EXERCISE DATA |
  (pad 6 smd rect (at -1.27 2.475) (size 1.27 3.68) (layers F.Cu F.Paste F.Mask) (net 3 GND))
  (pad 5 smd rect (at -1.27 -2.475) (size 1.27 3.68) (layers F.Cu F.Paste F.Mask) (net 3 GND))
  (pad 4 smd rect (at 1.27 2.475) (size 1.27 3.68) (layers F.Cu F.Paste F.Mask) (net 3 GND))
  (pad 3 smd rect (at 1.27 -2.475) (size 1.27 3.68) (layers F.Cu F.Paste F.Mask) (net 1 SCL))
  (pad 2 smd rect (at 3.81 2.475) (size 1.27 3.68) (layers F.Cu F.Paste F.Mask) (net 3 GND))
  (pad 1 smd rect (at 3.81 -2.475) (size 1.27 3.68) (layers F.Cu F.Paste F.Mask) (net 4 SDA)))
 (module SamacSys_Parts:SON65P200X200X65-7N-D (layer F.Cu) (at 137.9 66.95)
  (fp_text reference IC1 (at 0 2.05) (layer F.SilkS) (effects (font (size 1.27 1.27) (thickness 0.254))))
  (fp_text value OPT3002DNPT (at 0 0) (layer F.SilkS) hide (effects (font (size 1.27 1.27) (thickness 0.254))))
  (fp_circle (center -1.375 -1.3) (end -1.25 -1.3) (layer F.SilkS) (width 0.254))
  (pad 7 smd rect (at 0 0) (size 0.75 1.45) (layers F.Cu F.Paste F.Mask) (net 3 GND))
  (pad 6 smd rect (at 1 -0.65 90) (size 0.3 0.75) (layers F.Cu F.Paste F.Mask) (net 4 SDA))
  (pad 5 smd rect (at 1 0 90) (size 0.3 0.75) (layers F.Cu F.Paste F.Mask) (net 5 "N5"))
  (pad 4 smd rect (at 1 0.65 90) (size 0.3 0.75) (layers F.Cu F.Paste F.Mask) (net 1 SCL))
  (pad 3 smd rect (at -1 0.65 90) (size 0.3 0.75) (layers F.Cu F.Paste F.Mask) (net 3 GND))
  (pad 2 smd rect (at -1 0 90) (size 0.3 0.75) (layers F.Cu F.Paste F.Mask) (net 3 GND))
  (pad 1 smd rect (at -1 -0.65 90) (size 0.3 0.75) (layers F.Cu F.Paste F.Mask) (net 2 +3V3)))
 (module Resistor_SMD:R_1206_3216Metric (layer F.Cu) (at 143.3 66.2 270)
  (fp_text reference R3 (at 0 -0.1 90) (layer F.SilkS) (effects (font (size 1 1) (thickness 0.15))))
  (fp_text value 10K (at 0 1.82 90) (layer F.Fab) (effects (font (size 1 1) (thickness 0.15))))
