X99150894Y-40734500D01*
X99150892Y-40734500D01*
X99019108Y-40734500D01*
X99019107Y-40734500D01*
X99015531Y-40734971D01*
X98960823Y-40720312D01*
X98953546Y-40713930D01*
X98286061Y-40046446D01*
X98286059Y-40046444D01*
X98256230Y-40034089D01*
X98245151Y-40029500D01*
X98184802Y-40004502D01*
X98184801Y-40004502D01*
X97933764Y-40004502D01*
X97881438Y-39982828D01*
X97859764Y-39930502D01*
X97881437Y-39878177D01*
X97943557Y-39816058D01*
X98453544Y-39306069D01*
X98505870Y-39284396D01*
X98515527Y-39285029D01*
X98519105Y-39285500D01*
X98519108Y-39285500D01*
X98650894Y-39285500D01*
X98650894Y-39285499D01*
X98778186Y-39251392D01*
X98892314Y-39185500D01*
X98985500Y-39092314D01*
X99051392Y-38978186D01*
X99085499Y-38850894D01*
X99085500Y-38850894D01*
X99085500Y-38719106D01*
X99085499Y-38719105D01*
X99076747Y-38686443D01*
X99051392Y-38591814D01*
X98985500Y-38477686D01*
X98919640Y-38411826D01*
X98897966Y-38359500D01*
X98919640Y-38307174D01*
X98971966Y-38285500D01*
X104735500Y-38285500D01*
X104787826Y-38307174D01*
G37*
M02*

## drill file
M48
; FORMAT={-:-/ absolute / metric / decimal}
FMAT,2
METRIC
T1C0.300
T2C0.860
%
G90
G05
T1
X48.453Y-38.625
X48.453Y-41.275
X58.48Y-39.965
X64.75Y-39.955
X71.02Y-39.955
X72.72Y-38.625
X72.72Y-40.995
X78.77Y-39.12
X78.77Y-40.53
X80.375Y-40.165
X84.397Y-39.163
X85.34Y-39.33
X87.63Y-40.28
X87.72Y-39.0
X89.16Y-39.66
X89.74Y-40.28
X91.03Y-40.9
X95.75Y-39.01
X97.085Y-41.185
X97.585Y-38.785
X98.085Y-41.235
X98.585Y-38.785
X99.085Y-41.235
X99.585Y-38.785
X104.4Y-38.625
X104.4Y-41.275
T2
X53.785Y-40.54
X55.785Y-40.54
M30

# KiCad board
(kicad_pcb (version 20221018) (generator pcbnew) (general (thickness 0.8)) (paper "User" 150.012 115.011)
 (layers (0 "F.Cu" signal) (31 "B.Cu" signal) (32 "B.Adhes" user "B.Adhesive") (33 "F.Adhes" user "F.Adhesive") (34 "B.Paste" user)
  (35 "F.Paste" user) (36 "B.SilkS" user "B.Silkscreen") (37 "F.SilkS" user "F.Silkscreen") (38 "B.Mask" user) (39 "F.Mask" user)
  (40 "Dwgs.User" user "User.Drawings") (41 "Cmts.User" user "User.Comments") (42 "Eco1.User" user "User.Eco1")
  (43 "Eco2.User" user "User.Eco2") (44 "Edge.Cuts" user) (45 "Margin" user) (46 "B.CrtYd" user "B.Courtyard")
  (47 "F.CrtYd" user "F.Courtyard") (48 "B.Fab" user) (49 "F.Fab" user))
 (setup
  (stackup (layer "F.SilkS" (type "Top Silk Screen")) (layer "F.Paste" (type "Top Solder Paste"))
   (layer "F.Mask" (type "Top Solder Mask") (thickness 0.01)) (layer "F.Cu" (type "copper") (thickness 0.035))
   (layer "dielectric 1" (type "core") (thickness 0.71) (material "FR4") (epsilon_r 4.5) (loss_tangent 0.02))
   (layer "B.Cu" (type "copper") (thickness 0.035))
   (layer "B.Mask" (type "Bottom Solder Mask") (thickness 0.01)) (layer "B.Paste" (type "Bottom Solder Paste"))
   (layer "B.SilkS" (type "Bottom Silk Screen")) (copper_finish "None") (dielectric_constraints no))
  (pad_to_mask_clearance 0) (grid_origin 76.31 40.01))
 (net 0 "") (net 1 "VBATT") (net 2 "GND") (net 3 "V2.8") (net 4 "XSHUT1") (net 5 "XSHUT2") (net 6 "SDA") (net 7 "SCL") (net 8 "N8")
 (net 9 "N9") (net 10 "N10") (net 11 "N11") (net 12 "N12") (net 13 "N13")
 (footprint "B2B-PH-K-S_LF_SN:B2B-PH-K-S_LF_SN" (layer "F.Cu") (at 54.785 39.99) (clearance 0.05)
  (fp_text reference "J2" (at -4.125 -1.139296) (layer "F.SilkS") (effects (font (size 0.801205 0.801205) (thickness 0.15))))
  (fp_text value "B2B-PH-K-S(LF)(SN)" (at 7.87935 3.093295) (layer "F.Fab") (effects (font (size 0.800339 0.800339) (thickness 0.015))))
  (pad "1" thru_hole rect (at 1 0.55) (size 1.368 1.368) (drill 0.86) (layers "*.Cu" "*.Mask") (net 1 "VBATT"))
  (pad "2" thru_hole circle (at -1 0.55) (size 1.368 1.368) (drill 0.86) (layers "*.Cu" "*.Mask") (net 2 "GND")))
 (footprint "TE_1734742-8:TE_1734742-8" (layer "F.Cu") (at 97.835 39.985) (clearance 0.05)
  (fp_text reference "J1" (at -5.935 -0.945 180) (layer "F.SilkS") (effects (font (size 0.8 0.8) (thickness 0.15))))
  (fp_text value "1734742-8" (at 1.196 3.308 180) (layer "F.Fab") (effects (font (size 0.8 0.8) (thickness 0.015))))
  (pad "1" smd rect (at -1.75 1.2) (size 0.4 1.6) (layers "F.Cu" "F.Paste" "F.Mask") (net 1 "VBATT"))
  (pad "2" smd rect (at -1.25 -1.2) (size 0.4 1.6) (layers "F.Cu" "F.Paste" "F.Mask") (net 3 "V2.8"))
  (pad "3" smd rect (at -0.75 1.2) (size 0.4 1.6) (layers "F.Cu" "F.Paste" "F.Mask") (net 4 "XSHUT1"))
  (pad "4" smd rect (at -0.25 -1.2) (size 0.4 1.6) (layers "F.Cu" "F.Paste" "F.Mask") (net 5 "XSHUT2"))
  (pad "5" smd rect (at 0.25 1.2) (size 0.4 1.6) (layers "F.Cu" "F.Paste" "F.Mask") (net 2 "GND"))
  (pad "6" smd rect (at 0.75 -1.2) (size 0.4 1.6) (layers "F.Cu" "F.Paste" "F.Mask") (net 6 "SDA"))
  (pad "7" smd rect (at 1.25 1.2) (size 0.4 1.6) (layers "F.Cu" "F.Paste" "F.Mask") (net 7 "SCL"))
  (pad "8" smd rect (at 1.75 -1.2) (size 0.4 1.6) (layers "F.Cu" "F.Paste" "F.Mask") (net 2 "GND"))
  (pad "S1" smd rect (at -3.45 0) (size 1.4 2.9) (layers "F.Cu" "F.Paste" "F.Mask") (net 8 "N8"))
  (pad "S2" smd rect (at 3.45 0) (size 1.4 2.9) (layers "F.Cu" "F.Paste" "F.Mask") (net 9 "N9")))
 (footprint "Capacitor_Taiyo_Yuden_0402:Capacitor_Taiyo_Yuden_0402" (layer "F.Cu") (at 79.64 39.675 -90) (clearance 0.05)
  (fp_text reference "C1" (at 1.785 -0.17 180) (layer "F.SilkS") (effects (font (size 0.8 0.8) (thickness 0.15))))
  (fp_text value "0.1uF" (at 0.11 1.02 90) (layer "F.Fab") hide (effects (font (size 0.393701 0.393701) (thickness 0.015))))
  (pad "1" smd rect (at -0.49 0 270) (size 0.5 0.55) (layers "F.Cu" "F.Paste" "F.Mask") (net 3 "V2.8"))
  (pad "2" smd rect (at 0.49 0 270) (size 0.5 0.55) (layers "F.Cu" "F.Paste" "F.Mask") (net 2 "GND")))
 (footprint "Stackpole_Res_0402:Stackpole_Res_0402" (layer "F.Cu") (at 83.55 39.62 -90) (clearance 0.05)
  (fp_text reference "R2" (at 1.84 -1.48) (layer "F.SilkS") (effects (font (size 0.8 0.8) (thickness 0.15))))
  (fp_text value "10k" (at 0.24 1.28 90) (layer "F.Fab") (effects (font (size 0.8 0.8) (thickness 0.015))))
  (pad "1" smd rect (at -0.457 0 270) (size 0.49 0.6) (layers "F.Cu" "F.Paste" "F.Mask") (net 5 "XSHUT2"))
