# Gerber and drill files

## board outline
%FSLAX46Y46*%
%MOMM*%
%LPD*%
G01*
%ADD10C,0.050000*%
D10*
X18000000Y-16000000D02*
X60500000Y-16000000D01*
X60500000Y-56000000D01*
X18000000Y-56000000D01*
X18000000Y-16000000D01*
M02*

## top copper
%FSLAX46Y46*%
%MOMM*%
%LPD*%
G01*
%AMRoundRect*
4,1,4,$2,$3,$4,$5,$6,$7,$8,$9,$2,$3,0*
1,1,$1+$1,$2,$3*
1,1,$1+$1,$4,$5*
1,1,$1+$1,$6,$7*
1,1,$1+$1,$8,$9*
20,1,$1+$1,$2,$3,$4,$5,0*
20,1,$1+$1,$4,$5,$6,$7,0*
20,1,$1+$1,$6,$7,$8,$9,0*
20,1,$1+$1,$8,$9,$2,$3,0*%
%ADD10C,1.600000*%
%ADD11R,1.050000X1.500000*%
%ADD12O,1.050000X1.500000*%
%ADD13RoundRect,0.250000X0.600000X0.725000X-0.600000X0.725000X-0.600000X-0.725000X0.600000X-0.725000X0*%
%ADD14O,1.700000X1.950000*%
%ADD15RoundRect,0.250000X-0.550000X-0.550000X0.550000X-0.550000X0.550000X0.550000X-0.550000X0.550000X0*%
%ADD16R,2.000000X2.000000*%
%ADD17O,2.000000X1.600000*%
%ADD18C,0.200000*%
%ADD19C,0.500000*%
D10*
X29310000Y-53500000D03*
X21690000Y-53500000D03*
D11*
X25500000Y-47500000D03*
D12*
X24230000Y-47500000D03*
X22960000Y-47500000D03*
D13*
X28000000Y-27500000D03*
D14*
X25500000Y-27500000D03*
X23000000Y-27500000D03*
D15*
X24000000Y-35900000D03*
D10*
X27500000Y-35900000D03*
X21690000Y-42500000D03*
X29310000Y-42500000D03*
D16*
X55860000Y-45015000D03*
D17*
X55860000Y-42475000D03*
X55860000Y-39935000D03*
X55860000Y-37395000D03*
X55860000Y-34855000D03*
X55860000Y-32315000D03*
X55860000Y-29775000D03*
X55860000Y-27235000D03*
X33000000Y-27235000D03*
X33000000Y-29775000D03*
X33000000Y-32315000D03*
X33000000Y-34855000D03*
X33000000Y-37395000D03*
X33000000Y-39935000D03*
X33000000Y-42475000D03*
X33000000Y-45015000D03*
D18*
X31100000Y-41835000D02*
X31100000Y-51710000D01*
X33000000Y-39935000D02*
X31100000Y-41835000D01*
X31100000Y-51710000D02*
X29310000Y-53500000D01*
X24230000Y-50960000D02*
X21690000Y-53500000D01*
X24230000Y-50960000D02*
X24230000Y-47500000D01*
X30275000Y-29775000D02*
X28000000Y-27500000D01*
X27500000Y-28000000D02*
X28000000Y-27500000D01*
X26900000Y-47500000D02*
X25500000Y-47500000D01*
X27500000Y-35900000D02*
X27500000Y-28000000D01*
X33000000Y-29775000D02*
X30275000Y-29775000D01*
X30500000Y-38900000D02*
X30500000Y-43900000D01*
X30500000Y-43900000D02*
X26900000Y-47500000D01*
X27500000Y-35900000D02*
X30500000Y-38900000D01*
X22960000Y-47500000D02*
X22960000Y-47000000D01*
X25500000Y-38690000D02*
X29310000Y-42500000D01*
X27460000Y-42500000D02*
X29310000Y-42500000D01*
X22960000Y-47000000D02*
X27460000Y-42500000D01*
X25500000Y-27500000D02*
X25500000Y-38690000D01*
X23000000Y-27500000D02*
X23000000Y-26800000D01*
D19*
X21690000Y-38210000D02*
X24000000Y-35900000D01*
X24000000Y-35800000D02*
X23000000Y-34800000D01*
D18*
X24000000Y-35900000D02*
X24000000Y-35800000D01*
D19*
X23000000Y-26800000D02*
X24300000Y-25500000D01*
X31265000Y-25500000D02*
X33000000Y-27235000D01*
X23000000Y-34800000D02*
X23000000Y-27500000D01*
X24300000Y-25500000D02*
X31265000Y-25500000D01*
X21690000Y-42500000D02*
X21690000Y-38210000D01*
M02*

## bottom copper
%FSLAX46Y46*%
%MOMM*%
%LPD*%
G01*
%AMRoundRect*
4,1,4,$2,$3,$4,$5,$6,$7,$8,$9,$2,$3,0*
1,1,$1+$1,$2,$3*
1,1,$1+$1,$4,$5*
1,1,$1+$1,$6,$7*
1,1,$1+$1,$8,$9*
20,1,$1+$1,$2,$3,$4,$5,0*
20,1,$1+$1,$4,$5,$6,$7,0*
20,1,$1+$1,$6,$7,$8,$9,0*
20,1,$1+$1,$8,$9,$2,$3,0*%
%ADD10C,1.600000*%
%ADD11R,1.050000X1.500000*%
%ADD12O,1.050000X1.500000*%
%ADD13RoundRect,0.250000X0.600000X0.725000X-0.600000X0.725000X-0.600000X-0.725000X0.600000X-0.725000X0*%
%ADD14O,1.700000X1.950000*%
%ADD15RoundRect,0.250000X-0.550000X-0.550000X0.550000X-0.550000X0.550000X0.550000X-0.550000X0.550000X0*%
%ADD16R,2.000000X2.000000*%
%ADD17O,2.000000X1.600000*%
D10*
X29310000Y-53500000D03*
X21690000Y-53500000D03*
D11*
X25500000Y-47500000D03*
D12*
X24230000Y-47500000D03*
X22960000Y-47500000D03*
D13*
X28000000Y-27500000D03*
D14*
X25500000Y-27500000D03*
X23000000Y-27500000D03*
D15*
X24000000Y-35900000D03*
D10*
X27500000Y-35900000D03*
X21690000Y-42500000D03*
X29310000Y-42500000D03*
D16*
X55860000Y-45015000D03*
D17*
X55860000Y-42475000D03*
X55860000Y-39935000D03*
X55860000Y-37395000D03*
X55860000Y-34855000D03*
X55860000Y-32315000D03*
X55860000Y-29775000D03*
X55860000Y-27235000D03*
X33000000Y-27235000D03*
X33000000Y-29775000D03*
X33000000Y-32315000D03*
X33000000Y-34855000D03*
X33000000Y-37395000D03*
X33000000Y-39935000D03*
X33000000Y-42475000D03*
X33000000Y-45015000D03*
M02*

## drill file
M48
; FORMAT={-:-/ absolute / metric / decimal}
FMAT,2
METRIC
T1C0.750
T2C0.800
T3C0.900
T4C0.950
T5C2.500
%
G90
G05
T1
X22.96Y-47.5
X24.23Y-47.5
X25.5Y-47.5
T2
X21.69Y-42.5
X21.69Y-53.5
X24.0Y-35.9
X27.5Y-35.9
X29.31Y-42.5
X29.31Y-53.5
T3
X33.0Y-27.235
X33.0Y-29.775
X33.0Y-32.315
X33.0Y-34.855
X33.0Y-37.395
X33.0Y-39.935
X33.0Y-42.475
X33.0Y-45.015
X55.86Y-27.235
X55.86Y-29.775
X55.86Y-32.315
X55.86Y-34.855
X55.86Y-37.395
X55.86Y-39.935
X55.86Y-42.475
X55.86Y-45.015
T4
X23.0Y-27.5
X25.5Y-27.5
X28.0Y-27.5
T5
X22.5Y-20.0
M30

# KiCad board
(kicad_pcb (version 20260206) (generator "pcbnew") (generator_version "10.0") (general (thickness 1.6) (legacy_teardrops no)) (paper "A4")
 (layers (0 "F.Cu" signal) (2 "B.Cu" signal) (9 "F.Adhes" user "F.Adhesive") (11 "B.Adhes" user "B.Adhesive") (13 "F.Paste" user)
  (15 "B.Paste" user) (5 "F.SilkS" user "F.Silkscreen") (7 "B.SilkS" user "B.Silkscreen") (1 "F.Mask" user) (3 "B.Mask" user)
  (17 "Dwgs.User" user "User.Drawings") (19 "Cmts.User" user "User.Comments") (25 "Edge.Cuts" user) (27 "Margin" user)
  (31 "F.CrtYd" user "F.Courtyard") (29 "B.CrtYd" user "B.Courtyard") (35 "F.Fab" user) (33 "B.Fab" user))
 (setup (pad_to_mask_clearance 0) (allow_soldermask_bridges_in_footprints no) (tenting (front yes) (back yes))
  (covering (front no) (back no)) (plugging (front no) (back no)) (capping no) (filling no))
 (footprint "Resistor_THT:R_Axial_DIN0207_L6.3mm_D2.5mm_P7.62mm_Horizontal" (layer "F.Cu") (at 29.31 53.5 180)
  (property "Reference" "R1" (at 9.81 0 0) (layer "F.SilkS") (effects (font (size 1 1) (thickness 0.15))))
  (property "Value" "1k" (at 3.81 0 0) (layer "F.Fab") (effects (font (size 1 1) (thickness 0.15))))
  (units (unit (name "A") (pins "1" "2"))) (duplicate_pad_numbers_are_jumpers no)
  (pad "1" thru_hole circle (at 0 0 180) (size 1.6 1.6) (drill 0.8) (layers "*.Cu" "*.Mask") (remove_unused_layers no) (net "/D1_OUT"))
  (pad "2" thru_hole circle (at 7.62 0 180) (size 1.6 1.6) (drill 0.8) (layers "*.Cu" "*.Mask") (remove_unused_layers no) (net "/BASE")))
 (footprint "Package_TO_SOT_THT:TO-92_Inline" (layer "F.Cu") (at 25.5 47.5 180)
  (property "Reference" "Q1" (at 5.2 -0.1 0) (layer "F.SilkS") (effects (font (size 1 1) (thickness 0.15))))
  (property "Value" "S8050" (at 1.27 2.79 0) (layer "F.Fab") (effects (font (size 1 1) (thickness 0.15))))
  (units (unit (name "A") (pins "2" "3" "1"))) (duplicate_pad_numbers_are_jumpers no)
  (pad "1" thru_hole rect (at 0 0 180) (size 1.05 1.5) (drill 0.75) (layers "*.Cu" "*.Mask") (remove_unused_layers no) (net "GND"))
  (pad "2" thru_hole oval (at 1.27 0 180) (size 1.05 1.5) (drill 0.75) (layers "*.Cu" "*.Mask") (remove_unused_layers no) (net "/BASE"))
  (pad "3" thru_hole oval (at 2.54 0 180) (size 1.05 1.5) (drill 0.75) (layers "*.Cu" "*.Mask") (remove_unused_layers no) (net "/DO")))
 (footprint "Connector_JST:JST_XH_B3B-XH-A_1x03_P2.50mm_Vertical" (layer "F.Cu") (at 28 27.5 180)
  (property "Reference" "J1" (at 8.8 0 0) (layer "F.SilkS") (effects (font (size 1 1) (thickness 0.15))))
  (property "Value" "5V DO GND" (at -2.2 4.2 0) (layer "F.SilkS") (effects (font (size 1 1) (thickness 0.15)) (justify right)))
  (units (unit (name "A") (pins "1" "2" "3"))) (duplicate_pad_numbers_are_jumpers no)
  (pad "1" thru_hole roundrect (at 0 0 180) (size 1.7 1.95) (drill 0.95) (layers "*.Cu" "*.Mask") (remove_unused_layers no)
   (roundrect_rratio 0.147059) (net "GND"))
  (pad "2" thru_hole oval (at 2.5 0 180) (size 1.7 1.95) (drill 0.95) (layers "*.Cu" "*.Mask") (remove_unused_layers no) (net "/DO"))
  (pad "3" thru_hole oval (at 5 0 180) (size 1.7 1.95) (drill 0.95) (layers "*.Cu" "*.Mask") (remove_unused_layers no) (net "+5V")))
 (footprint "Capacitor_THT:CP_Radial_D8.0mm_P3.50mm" (layer "F.Cu") (at 24 35.9)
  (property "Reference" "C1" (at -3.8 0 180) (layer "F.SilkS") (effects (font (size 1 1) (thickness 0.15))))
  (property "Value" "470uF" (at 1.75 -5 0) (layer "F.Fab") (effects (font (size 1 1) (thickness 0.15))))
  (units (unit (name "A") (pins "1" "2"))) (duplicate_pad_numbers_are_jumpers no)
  (pad "1" thru_hole roundrect (at 0 0) (size 1.6 1.6) (drill 0.8) (layers "*.Cu" "*.Mask") (remove_unused_layers no)
   (roundrect_rratio 0.15625) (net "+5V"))
  (pad "2" thru_hole circle (at 3.5 0) (size 1.6 1.6) (drill 0.8) (layers "*.Cu" "*.Mask") (remove_unused_layers no) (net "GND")))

WORK REQUIRED | Tally the lines in the listing that contain the string "Comments", then report that tally alone.

THE ANSWER | 2